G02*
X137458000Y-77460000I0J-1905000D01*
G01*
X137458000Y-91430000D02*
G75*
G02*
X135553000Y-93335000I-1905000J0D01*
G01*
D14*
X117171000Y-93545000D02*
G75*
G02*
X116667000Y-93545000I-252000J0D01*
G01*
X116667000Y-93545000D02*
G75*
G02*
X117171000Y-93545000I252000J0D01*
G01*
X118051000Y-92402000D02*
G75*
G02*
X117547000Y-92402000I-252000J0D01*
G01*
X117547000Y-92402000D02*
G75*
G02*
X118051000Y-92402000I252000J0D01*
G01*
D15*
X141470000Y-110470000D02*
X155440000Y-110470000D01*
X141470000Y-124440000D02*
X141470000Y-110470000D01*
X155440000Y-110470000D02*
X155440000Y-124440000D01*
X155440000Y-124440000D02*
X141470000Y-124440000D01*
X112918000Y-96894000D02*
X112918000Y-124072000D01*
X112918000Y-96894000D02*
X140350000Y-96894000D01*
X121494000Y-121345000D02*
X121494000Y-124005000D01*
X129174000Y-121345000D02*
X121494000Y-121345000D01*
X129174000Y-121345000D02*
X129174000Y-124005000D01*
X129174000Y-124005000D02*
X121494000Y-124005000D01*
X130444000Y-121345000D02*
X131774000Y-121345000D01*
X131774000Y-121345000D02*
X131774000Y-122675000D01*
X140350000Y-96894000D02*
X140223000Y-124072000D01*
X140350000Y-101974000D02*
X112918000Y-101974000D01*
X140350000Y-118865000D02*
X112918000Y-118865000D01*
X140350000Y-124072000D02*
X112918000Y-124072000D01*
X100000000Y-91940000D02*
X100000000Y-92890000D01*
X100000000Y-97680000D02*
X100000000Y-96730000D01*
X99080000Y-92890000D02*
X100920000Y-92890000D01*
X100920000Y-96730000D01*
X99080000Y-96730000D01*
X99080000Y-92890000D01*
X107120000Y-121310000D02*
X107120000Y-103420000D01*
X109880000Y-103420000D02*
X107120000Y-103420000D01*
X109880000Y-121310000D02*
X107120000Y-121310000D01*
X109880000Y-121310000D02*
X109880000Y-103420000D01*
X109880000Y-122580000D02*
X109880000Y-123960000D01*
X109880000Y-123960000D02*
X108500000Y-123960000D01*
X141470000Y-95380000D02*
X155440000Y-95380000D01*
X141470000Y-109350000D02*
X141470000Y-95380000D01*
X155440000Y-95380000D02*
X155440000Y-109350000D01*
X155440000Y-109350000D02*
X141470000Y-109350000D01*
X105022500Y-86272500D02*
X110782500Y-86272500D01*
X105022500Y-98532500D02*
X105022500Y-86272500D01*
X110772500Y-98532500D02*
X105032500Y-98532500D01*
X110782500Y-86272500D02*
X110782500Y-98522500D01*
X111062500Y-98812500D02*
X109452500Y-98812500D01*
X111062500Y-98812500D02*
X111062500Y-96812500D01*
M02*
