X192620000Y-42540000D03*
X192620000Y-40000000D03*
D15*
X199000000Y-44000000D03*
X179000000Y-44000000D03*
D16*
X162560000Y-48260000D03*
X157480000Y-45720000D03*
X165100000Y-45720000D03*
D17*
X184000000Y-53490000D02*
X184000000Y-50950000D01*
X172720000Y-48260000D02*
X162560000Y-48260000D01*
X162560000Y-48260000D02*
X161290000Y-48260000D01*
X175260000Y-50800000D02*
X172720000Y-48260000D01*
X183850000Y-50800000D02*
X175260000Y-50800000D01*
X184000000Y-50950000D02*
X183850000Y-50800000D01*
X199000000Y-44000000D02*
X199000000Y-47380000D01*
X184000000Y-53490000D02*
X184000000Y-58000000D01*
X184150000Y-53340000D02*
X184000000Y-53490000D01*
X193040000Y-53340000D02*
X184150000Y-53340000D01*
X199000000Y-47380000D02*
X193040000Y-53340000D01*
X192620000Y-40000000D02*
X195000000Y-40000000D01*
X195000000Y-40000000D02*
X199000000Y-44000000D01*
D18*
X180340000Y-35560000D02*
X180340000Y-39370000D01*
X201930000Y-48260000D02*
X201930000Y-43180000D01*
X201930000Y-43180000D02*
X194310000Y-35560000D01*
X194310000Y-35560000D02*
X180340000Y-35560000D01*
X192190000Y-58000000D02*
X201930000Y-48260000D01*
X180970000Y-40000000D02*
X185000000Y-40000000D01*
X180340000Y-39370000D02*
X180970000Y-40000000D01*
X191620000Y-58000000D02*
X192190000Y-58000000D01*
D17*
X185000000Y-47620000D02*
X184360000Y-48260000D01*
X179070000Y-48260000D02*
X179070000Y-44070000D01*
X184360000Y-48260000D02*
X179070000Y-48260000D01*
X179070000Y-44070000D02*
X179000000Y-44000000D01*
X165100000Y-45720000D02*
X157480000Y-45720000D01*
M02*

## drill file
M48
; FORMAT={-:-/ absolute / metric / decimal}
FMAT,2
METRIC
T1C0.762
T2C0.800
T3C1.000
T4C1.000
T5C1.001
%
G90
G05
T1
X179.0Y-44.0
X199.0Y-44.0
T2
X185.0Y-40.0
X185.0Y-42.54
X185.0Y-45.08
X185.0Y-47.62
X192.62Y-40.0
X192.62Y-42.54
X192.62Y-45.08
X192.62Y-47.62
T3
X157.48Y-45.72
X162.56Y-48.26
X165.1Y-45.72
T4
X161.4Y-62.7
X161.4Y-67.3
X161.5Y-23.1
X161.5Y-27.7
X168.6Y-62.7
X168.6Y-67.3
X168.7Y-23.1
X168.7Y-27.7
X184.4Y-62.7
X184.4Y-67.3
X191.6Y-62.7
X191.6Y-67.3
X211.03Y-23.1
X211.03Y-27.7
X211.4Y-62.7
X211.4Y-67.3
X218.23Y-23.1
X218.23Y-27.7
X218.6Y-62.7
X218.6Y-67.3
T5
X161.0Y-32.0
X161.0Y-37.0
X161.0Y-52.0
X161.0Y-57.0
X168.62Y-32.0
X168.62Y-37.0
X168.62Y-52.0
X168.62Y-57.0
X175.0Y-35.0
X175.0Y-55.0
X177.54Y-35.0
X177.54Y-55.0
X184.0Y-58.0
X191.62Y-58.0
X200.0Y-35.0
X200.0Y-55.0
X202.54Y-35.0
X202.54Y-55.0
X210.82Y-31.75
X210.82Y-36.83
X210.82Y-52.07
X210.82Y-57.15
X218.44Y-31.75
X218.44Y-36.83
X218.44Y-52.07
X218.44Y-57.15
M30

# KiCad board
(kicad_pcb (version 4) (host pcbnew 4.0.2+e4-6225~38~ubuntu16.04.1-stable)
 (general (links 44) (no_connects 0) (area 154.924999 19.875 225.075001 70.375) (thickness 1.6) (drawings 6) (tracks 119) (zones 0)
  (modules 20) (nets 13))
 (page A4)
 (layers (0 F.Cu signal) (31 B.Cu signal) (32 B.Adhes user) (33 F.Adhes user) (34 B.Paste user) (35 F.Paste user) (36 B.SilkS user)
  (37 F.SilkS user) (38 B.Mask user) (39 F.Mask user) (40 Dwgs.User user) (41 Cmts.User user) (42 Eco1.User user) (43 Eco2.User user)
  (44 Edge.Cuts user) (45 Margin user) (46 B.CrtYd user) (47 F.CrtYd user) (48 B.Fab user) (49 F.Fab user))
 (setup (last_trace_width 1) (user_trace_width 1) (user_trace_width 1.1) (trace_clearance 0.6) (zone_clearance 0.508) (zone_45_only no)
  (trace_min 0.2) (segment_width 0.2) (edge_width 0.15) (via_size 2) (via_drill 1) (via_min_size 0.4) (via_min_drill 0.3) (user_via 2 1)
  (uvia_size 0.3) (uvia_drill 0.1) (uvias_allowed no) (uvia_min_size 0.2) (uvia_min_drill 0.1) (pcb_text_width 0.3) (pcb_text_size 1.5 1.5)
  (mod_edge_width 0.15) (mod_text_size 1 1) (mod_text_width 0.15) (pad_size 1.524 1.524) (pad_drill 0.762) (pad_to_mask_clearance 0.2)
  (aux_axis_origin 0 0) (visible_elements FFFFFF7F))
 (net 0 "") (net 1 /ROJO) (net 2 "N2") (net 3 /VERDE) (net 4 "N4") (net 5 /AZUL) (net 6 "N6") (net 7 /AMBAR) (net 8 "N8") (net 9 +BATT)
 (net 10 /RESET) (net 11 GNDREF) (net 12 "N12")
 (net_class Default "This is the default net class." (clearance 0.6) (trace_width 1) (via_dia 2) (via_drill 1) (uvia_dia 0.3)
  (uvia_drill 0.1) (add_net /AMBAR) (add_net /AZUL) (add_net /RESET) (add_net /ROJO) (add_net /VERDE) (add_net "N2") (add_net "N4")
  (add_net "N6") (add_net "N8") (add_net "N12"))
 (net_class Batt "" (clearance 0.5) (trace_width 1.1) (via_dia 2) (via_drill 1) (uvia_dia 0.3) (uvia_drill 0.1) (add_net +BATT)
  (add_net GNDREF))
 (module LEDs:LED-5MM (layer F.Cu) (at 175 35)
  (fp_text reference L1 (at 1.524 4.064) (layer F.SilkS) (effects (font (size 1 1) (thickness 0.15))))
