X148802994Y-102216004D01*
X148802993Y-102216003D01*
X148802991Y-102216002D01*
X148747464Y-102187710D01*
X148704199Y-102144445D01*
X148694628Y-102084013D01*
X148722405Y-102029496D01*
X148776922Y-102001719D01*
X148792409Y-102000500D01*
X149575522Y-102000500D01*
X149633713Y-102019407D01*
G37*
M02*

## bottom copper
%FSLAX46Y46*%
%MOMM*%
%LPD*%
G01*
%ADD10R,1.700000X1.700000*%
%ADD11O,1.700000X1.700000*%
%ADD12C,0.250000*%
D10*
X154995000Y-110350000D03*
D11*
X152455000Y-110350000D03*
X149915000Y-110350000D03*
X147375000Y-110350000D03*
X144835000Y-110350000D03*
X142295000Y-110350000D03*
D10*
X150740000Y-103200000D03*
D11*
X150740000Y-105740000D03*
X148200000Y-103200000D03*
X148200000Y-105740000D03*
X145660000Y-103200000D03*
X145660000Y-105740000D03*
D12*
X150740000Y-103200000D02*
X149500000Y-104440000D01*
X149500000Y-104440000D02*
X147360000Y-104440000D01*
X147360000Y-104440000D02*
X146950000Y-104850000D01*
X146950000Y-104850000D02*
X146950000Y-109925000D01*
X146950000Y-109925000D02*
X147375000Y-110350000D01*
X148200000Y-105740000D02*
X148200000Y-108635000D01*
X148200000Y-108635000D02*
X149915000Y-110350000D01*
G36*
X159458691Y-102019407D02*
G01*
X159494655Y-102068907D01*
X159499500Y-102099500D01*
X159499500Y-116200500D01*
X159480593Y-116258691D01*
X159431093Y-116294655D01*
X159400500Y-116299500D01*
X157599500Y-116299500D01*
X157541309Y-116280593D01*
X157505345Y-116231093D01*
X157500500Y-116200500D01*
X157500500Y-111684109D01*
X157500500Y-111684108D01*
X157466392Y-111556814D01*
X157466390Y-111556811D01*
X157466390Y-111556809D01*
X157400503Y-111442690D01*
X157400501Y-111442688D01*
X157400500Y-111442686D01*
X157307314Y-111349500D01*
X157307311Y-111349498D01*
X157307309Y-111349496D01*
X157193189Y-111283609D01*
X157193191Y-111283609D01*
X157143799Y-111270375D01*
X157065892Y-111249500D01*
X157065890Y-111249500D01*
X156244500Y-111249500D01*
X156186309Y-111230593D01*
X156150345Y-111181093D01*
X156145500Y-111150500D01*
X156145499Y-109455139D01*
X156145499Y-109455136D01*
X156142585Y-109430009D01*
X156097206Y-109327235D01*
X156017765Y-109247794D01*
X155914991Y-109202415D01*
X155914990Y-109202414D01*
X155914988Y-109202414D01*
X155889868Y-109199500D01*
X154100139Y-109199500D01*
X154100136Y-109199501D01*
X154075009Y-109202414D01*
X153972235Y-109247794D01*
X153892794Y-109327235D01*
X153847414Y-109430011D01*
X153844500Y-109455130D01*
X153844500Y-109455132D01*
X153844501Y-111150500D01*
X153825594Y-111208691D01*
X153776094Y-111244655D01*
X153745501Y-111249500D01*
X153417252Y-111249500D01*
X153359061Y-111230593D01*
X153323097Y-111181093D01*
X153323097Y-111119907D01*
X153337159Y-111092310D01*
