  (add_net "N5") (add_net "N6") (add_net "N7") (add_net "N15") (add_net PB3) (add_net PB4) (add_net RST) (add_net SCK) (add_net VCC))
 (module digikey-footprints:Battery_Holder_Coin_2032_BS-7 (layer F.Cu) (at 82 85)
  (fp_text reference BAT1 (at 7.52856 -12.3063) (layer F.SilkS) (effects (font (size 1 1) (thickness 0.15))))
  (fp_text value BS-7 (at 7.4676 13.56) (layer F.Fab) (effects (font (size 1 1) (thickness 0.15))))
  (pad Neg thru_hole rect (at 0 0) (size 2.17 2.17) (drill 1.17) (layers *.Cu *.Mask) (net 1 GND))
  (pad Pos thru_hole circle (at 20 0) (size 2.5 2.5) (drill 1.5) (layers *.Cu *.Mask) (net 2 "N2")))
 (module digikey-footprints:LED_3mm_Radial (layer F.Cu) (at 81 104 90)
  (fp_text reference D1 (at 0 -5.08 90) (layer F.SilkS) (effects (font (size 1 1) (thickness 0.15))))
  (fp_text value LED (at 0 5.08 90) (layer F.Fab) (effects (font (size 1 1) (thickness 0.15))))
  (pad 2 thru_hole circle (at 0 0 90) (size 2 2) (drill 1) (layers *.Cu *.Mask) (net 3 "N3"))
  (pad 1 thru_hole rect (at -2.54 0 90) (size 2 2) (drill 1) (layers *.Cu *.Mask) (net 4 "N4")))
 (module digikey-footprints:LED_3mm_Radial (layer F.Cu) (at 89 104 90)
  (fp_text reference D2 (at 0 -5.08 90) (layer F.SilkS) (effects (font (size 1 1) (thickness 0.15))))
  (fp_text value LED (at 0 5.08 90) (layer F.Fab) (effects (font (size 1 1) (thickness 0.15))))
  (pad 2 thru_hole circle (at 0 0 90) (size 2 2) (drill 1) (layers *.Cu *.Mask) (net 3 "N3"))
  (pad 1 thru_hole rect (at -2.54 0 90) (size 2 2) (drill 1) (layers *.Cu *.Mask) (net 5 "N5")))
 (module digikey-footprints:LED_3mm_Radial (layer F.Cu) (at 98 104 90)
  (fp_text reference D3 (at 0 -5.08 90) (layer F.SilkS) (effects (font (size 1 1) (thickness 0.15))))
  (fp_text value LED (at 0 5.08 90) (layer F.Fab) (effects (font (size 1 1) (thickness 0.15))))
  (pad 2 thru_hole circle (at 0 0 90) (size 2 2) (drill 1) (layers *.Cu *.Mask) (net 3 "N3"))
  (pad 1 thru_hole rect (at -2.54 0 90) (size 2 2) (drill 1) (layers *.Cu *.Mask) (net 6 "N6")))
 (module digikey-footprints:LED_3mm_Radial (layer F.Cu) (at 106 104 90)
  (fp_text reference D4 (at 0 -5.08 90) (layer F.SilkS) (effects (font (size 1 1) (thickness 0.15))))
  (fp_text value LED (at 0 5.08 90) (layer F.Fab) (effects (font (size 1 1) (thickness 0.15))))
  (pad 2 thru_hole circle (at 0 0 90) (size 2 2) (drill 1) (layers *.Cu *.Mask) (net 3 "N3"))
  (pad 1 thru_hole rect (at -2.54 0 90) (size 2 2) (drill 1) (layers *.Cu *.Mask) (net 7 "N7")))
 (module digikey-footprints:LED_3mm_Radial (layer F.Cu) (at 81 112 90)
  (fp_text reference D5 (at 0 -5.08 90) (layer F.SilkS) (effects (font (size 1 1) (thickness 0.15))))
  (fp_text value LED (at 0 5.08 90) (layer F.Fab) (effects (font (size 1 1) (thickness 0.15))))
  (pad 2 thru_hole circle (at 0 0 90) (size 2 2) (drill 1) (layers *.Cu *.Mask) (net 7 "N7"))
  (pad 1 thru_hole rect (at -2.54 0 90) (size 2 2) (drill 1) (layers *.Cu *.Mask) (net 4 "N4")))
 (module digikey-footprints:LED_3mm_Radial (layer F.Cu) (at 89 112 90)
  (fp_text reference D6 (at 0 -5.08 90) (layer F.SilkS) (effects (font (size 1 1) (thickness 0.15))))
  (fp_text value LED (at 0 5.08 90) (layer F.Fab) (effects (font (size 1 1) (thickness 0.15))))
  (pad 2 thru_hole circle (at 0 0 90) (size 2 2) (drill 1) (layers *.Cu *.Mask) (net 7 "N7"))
▬▬▬▬▬▬
Work order:
Please retype, with no changes, the lines that run from the first line of the entries to the line with "X155440000Y-109350000D02*", both ends included.

Expected answer:
G02*
X137458000Y-77460000I0J-1905000D01*
G01*
X137458000Y-91430000D02*
G75*
G02*
X135553000Y-93335000I-1905000J0D01*
G01*
D14*
X117171000Y-93545000D02*
G75*
G02*
X116667000Y-93545000I-252000J0D01*
G01*
X116667000Y-93545000D02*
G75*
G02*
X117171000Y-93545000I252000J0D01*
G01*
X118051000Y-92402000D02*
G75*
G02*
X117547000Y-92402000I-252000J0D01*
G01*
X117547000Y-92402000D02*
G75*
G02*
X118051000Y-92402000I252000J0D01*
G01*
D15*
X141470000Y-110470000D02*
X155440000Y-110470000D01*
X141470000Y-124440000D02*
X141470000Y-110470000D01*
X155440000Y-110470000D02*
X155440000Y-124440000D01*
X155440000Y-124440000D02*
X141470000Y-124440000D01*
X112918000Y-96894000D02*
X112918000Y-124072000D01*
X112918000Y-96894000D02*
X140350000Y-96894000D01*
X121494000Y-121345000D02*
X121494000Y-124005000D01*
X129174000Y-121345000D02*
X121494000Y-121345000D01*
X129174000Y-121345000D02*
X129174000Y-124005000D01*
X129174000Y-124005000D02*
X121494000Y-124005000D01*
X130444000Y-121345000D02*
X131774000Y-121345000D01*
X131774000Y-121345000D02*
X131774000Y-122675000D01*
X140350000Y-96894000D02*
X140223000Y-124072000D01*
X140350000Y-101974000D02*
X112918000Y-101974000D01*
X140350000Y-118865000D02*
X112918000Y-118865000D01*
X140350000Y-124072000D02*
X112918000Y-124072000D01*
X100000000Y-91940000D02*
X100000000Y-92890000D01*
X100000000Y-97680000D02*
X100000000Y-96730000D01*
X99080000Y-92890000D02*
X100920000Y-92890000D01*
X100920000Y-96730000D01*
X99080000Y-96730000D01*
X99080000Y-92890000D01*
X107120000Y-121310000D02*
X107120000Y-103420000D01*
X109880000Y-103420000D02*
X107120000Y-103420000D01*
X109880000Y-121310000D02*
X107120000Y-121310000D01*
X109880000Y-121310000D02*
X109880000Y-103420000D01*
X109880000Y-122580000D02*
X109880000Y-123960000D01*
X109880000Y-123960000D02*
X108500000Y-123960000D01*
X141470000Y-95380000D02*
X155440000Y-95380000D01*
X141470000Y-109350000D02*
X141470000Y-95380000D01*
X155440000Y-95380000D02*
X155440000Y-109350000D01*
X155440000Y-109350000D02*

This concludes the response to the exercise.